REQUIRED WORK ▸ Find the string "GNDB" in the material. Copy every line that has it.

STORED DATA ▸

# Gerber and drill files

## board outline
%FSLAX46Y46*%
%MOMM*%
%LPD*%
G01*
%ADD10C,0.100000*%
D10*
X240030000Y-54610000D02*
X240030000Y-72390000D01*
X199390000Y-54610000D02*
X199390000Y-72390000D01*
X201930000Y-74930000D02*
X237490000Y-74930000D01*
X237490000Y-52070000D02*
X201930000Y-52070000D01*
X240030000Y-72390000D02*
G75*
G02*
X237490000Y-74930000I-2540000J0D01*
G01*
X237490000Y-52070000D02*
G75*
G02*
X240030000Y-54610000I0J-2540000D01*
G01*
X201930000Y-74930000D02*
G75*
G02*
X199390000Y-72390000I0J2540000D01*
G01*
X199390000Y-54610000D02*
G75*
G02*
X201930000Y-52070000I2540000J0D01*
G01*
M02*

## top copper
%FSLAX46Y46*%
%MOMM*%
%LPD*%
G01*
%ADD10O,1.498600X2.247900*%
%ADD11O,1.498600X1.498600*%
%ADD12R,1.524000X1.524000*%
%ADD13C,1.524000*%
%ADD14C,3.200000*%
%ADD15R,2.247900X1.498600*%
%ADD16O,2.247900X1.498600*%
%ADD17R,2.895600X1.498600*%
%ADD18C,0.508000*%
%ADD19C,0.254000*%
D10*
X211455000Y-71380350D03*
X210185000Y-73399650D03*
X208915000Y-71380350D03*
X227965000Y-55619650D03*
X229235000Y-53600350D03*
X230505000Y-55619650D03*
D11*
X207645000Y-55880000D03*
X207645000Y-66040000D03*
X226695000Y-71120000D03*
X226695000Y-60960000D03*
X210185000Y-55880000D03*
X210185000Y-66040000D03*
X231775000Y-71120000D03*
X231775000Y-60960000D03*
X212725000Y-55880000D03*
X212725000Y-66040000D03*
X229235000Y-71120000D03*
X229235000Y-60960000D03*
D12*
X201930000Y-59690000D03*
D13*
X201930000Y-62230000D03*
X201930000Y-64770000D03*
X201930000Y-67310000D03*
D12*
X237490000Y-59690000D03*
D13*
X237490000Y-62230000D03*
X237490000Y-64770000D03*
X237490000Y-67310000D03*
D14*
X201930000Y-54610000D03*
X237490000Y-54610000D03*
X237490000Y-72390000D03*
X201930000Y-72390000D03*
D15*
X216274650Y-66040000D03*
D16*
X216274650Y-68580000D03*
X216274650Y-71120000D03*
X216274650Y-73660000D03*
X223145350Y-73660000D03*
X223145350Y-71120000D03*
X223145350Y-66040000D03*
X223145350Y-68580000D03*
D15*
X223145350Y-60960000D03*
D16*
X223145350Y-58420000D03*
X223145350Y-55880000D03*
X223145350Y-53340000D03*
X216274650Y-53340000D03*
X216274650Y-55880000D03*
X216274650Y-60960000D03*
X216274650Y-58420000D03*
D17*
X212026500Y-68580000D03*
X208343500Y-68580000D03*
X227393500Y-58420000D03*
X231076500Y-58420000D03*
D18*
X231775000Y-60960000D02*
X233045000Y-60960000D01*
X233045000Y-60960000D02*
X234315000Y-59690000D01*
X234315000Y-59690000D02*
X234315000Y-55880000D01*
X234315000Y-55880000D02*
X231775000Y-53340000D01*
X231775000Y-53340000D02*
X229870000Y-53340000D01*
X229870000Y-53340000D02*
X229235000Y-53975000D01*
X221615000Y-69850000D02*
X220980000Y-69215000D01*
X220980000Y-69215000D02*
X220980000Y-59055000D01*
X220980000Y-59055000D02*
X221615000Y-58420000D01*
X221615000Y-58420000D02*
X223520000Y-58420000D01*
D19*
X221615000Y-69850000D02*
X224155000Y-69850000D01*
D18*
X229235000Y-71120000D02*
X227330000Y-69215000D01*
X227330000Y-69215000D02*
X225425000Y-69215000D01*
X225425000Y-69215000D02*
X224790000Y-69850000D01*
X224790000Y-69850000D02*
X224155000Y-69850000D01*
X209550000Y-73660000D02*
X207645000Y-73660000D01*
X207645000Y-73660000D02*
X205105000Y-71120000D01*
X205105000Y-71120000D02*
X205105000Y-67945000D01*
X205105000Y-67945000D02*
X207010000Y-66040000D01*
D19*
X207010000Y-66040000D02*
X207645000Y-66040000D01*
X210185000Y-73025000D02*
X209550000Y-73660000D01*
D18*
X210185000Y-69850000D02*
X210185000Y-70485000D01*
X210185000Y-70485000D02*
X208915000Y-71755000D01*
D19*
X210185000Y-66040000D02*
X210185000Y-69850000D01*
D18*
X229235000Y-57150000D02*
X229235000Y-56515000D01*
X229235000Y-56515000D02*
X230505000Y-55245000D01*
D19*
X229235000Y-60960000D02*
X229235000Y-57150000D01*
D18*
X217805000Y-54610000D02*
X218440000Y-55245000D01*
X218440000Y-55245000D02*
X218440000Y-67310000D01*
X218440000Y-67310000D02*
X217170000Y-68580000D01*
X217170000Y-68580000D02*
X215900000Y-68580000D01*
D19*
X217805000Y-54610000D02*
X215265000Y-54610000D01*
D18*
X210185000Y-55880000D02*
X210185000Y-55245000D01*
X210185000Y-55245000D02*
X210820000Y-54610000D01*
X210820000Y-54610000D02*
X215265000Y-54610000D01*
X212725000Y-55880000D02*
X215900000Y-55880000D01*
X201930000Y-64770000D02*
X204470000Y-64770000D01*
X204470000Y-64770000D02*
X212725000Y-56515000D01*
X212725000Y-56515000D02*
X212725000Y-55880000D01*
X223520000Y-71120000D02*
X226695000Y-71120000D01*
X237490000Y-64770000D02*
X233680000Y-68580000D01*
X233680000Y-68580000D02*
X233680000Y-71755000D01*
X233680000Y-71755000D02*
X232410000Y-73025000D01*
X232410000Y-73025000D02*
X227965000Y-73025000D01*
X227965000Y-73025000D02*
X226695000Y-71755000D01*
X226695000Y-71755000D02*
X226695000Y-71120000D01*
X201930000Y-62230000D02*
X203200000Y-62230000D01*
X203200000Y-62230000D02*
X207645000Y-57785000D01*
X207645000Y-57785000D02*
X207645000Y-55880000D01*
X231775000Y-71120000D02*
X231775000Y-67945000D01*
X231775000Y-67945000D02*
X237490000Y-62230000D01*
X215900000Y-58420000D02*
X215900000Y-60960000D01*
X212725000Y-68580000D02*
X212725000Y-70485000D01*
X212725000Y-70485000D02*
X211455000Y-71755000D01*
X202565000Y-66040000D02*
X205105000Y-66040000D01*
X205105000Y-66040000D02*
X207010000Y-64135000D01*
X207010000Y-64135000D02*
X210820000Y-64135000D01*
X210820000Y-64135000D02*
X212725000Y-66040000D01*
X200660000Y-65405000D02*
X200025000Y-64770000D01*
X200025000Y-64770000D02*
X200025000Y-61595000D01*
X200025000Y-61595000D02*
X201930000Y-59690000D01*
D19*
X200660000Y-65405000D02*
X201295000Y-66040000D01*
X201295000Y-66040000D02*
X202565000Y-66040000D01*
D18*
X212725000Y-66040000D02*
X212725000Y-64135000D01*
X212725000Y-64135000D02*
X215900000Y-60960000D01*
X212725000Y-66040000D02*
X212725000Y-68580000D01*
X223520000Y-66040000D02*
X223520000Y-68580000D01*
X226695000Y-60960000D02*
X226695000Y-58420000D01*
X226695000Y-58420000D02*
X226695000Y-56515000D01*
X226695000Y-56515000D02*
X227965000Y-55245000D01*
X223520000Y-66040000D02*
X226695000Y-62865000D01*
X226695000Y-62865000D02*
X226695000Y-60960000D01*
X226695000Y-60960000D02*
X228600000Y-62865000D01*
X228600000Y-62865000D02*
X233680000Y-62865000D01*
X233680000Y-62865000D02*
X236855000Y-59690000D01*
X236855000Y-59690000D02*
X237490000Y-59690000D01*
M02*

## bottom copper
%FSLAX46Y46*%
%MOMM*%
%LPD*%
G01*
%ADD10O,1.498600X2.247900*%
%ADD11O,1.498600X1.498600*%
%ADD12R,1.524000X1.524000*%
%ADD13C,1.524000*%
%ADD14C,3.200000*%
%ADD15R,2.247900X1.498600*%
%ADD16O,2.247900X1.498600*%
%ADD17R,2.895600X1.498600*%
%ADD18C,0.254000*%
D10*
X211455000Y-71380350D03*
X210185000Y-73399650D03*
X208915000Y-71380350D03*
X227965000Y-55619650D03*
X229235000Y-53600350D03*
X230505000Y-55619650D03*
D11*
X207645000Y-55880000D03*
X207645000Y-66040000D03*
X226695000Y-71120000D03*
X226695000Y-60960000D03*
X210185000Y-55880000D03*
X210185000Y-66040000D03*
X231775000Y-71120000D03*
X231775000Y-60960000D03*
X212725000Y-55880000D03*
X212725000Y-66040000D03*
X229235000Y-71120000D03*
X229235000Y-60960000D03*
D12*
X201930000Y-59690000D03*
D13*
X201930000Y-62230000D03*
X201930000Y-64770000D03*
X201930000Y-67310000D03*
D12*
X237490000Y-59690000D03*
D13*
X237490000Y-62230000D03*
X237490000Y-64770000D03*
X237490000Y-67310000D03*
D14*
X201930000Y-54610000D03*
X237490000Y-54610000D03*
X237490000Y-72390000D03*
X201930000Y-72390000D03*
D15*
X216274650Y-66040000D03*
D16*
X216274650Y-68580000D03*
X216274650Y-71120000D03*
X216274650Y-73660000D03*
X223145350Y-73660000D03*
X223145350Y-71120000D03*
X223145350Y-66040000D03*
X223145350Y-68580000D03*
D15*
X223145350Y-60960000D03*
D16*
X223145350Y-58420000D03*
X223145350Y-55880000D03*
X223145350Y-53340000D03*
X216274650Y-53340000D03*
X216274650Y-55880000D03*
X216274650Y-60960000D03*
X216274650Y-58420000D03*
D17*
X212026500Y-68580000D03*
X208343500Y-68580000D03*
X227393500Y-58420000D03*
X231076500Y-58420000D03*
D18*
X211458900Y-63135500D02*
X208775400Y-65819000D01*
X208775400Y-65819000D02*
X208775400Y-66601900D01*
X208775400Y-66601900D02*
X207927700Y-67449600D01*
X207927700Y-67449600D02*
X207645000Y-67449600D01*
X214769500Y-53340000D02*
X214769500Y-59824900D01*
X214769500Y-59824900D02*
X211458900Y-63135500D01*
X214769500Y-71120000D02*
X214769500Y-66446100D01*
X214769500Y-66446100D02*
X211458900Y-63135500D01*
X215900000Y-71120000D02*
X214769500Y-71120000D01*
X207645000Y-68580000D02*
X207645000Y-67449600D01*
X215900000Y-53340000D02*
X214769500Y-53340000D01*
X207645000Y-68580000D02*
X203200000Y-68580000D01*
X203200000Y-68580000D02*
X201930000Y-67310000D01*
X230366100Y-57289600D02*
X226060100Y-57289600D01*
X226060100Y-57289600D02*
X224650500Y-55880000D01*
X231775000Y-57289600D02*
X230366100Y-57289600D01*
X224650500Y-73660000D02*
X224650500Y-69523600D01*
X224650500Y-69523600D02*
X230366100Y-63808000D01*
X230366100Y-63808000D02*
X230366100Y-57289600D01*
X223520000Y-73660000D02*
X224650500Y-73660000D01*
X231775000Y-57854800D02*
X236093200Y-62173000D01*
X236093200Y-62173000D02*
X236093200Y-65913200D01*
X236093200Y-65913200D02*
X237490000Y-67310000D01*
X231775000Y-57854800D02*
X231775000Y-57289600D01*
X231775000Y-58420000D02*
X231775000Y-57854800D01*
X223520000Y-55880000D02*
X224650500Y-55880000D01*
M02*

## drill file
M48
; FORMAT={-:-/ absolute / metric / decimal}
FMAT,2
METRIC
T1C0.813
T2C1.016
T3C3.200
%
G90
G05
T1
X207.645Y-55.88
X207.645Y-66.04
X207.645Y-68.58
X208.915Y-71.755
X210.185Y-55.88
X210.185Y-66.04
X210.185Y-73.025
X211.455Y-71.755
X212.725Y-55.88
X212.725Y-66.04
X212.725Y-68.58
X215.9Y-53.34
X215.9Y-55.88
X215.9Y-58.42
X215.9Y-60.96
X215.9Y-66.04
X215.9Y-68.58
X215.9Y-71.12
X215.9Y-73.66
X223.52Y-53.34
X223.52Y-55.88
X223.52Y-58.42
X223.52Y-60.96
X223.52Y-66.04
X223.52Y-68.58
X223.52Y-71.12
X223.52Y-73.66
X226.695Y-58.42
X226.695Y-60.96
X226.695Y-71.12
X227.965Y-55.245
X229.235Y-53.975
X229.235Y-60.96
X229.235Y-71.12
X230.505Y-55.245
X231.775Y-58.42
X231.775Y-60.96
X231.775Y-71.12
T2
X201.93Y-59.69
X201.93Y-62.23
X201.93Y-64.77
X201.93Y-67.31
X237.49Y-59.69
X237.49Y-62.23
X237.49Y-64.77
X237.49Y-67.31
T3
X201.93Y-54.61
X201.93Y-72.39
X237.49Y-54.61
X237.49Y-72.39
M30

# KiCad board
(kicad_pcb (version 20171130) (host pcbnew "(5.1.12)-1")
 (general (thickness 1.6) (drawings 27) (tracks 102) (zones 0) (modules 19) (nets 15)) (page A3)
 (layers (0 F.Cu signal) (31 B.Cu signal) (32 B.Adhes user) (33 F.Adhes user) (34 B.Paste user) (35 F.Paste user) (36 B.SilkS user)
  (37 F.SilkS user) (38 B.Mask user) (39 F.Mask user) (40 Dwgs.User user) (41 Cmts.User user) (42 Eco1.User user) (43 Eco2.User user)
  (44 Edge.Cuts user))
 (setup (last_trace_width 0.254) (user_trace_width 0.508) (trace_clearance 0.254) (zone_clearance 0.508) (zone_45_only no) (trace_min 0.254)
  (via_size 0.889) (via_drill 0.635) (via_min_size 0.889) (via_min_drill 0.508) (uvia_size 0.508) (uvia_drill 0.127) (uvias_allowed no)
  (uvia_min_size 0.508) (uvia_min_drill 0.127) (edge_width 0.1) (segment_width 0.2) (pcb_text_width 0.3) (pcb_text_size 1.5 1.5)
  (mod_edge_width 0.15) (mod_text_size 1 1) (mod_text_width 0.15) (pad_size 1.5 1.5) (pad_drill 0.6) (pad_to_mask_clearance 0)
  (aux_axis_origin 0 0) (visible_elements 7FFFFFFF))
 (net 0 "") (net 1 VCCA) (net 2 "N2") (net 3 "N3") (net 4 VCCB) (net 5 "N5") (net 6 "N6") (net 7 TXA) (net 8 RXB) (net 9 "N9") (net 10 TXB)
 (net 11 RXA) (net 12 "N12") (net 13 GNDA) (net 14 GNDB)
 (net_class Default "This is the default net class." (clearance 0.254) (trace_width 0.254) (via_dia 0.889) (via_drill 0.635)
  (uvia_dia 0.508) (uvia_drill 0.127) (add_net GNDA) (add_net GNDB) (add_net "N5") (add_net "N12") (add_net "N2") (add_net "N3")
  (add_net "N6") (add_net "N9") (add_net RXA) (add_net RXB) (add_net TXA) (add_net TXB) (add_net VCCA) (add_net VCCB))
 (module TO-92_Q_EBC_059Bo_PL (layer F.Cu) (at 211.455 71.755)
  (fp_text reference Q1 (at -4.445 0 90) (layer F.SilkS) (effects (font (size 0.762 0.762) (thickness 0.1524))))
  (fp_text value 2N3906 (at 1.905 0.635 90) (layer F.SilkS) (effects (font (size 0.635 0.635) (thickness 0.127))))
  (pad 1 thru_hole oval (at 0 0) (size 1.4986 2.2479) (drill 0.8128 (offset 0 -0.37465)) (layers *.Cu *.Mask F.SilkS) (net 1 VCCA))
  (pad 2 thru_hole oval (at -1.27 1.27) (size 1.4986 2.2479) (drill 0.8128 (offset 0 0.37465)) (layers *.Cu *.Mask F.SilkS) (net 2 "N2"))
  (pad 3 thru_hole oval (at -2.54 0) (size 1.4986 2.2479) (drill 0.8128 (offset 0 -0.37465)) (layers *.Cu *.Mask F.SilkS) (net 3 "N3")))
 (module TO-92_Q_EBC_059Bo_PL (layer F.Cu) (at 227.965 55.245 180)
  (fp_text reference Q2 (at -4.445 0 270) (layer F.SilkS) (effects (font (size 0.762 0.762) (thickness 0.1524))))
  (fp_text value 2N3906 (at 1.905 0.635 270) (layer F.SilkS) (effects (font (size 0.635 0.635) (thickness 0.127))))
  (pad 1 thru_hole oval (at 0 0 180) (size 1.4986 2.2479) (drill 0.8128 (offset 0 -0.37465)) (layers *.Cu *.Mask F.SilkS) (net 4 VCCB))
  (pad 2 thru_hole oval (at -1.27 1.27 180) (size 1.4986 2.2479) (drill 0.8128 (offset 0 0.37465)) (layers *.Cu *.Mask F.SilkS) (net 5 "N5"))
  (pad 3 thru_hole oval (at -2.54 0 180) (size 1.4986 2.2479) (drill 0.8128 (offset 0 -0.37465)) (layers *.Cu *.Mask F.SilkS) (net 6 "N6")))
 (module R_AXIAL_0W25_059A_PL (layer F.Cu) (at 207.645 55.88 270) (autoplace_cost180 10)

WORKED SOLUTION ▸
 (net 11 RXA) (net 12 "N12") (net 13 GNDA) (net 14 GNDB)
  (uvia_dia 0.508) (uvia_drill 0.127) (add_net GNDA) (add_net GNDB) (add_net "N5") (add_net "N12") (add_net "N2") (add_net "N3")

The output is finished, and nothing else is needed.